== What is expected ==
Among the lines below, return each one that contains the word "effects".

Extracted records:
----------
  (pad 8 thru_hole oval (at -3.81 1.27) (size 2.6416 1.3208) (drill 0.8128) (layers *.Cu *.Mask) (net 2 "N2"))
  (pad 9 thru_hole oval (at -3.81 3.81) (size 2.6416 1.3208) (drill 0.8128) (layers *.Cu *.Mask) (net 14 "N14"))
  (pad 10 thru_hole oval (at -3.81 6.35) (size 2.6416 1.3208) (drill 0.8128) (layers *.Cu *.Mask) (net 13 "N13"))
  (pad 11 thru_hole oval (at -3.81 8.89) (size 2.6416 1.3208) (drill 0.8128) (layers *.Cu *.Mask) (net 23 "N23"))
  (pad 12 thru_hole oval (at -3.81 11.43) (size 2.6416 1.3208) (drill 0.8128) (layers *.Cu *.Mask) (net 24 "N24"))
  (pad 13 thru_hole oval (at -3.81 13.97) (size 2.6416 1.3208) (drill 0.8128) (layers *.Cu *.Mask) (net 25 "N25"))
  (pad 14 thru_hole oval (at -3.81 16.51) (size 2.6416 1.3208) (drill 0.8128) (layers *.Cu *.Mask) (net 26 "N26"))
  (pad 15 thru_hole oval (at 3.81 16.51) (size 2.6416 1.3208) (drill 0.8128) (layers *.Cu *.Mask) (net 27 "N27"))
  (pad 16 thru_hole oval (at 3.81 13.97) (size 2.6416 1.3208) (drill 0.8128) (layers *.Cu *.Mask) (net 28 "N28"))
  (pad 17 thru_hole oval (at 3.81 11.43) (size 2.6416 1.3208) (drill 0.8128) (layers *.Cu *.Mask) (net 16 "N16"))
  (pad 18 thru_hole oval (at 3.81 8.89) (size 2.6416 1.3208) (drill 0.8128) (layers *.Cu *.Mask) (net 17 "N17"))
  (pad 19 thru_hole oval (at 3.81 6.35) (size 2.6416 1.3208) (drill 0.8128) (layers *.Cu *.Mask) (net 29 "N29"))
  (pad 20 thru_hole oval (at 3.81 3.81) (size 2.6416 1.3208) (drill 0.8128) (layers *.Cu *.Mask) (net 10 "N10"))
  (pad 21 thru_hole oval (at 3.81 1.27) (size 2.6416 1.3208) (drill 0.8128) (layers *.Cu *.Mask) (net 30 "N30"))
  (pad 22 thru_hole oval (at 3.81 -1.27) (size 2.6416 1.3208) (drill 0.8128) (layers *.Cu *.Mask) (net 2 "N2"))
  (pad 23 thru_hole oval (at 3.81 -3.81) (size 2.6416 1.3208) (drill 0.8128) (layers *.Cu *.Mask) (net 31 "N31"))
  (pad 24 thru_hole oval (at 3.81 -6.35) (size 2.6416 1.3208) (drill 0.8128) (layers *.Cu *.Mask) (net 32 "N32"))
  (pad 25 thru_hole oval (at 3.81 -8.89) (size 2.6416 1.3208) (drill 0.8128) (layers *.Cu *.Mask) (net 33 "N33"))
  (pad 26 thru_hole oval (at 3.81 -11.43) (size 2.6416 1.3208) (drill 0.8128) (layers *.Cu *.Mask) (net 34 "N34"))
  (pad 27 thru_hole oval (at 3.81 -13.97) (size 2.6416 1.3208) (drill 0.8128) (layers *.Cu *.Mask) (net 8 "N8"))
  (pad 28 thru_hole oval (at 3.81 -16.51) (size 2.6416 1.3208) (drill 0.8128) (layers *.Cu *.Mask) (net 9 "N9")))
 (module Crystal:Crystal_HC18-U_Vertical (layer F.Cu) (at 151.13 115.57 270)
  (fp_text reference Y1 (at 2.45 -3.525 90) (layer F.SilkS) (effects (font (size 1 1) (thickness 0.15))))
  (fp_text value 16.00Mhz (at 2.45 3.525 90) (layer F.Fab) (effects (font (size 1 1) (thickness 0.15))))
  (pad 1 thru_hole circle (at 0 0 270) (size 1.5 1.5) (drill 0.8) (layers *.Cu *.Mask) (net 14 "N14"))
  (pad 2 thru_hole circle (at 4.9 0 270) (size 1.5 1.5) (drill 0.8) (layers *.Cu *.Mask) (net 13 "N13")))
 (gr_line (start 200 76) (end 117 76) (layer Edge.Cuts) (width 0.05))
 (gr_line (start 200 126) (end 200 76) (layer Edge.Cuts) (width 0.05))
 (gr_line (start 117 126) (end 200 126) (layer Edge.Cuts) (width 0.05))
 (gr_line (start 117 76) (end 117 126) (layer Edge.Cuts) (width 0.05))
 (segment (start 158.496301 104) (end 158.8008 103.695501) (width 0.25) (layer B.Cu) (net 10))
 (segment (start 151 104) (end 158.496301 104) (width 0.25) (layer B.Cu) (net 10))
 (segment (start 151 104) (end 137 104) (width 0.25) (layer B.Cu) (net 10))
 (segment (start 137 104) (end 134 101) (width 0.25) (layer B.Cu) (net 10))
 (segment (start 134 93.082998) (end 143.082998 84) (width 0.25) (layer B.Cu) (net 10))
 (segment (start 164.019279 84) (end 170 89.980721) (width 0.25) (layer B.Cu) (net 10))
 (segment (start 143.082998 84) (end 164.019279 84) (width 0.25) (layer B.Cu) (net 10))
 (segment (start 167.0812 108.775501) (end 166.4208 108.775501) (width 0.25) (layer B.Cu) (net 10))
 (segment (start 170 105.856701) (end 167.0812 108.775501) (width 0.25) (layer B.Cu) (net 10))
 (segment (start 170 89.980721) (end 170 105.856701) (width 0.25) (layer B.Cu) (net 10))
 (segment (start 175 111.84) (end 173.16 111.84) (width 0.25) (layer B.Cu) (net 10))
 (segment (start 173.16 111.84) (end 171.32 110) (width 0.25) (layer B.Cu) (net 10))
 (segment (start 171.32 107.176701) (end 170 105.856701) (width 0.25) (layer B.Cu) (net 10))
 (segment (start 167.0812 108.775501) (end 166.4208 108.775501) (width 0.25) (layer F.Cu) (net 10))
----------
== Your solution ==
  (fp_text reference Y1 (at 2.45 -3.525 90) (layer F.SilkS) (effects (font (size 1 1) (thickness 0.15))))
  (fp_text value 16.00Mhz (at 2.45 3.525 90) (layer F.Fab) (effects (font (size 1 1) (thickness 0.15))))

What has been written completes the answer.